しかし、禰豆子より下の兄弟はすべて殺害され、結果的に禰豆子は、「長女」という立場から、「末っ子」になった。鬼化によって禰豆子は「赤ちゃんのように無垢な性格」になったこともあり、幼い女の子のように、炭治郎に甘えるようになった。

 以前は、家族のために尽くしてばかりの、我慢強い禰豆子を見て、炭治郎はいつも禰豆子に謝っていた。禰豆子は炭治郎に「謝ったりしないで お兄ちゃんならわかってよ 私の気持ちをわかってよ」と怒っていたが、それでもやはり炭治郎は禰豆子を「妹らしく」甘やかしてやりたかった。皮肉なことに、鬼化によって禰豆子が幼くなってはじめて、兄は、この年齢の近いしっかり者の妹を「甘やかし、守れる」ようになったのだった。

鬼滅の刃』において、鬼舞辻による竈門家の襲撃は、「長男・長女」という炭治郎と禰豆子の関係性を、「長子と末っ子」というかたちに変えた。

■眠りつづけた「妹」の「目覚め」

 本来は「人喰い」によって補給しないといけない「鬼化」のパワーを、禰豆子は「長い眠り」で回復させようとする。そして、兄たち鬼殺隊と、鬼舞辻無惨との最終決戦がはじまるころ、禰豆子は人間に戻るための「肉体的試練」を受けることになる。竈門兄妹を保護してくれた、鱗滝左近次の看病のもと、苦しみながら鬼としての最後の眠りにつく禰豆子。しかし、兄の最大の危機に際して、禰豆子はその寝床を飛び出すのだった。

 亡き父の導きで、兄のもとに駆けつけようとする禰豆子。しかし、起き上がったばかりの禰豆子は、まだ鬼のままだ。その後、禰豆子には、人間の時の記憶を取り戻す、「目覚め」がおとずれる。鬼となって眠り続けていた禰豆子を、「真に目覚めさせた」ものはなんだったのか? 

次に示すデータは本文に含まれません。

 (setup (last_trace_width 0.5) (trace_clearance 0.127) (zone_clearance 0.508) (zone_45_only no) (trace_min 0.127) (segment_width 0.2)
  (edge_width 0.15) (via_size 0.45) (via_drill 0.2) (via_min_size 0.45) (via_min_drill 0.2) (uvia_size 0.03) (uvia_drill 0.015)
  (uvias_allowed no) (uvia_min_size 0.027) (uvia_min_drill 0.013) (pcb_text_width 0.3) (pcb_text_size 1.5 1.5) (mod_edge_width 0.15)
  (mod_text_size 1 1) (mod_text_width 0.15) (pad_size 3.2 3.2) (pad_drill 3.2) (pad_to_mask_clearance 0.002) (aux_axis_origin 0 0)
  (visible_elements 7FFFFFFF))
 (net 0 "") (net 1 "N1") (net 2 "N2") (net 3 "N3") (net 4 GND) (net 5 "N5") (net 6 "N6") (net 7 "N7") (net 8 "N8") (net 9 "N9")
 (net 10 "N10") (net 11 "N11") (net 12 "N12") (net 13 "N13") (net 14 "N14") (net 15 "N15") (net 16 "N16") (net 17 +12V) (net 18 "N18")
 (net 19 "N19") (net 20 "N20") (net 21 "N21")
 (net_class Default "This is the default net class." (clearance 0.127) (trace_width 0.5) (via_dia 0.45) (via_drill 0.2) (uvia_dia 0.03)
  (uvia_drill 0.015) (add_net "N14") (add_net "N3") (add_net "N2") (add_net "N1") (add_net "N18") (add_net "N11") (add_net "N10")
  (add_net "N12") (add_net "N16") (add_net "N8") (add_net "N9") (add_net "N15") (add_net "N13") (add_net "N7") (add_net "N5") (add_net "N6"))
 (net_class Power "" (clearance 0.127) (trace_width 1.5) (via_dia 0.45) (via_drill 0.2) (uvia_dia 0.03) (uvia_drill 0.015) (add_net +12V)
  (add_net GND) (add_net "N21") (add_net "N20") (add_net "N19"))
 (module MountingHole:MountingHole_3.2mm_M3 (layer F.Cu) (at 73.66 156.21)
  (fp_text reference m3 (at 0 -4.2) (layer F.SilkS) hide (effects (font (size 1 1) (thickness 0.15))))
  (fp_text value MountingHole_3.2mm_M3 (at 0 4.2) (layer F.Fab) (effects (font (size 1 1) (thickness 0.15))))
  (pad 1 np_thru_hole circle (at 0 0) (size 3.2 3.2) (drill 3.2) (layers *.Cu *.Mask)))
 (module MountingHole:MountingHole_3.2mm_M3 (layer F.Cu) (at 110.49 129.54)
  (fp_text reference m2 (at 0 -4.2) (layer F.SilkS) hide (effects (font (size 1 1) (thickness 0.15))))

 禰豆子は人間の時の記憶をひとつひとつ取り戻していく中、鬼舞辻との遭遇時を思い出し、怒りで我を忘れかける。しかし、自分を思う兄の涙によって、記憶の封印がひも解かれ、鬼殺隊とそれに関わるたくさんの人々との優しい思い出が、禰豆子の中で、走馬灯のように広がった。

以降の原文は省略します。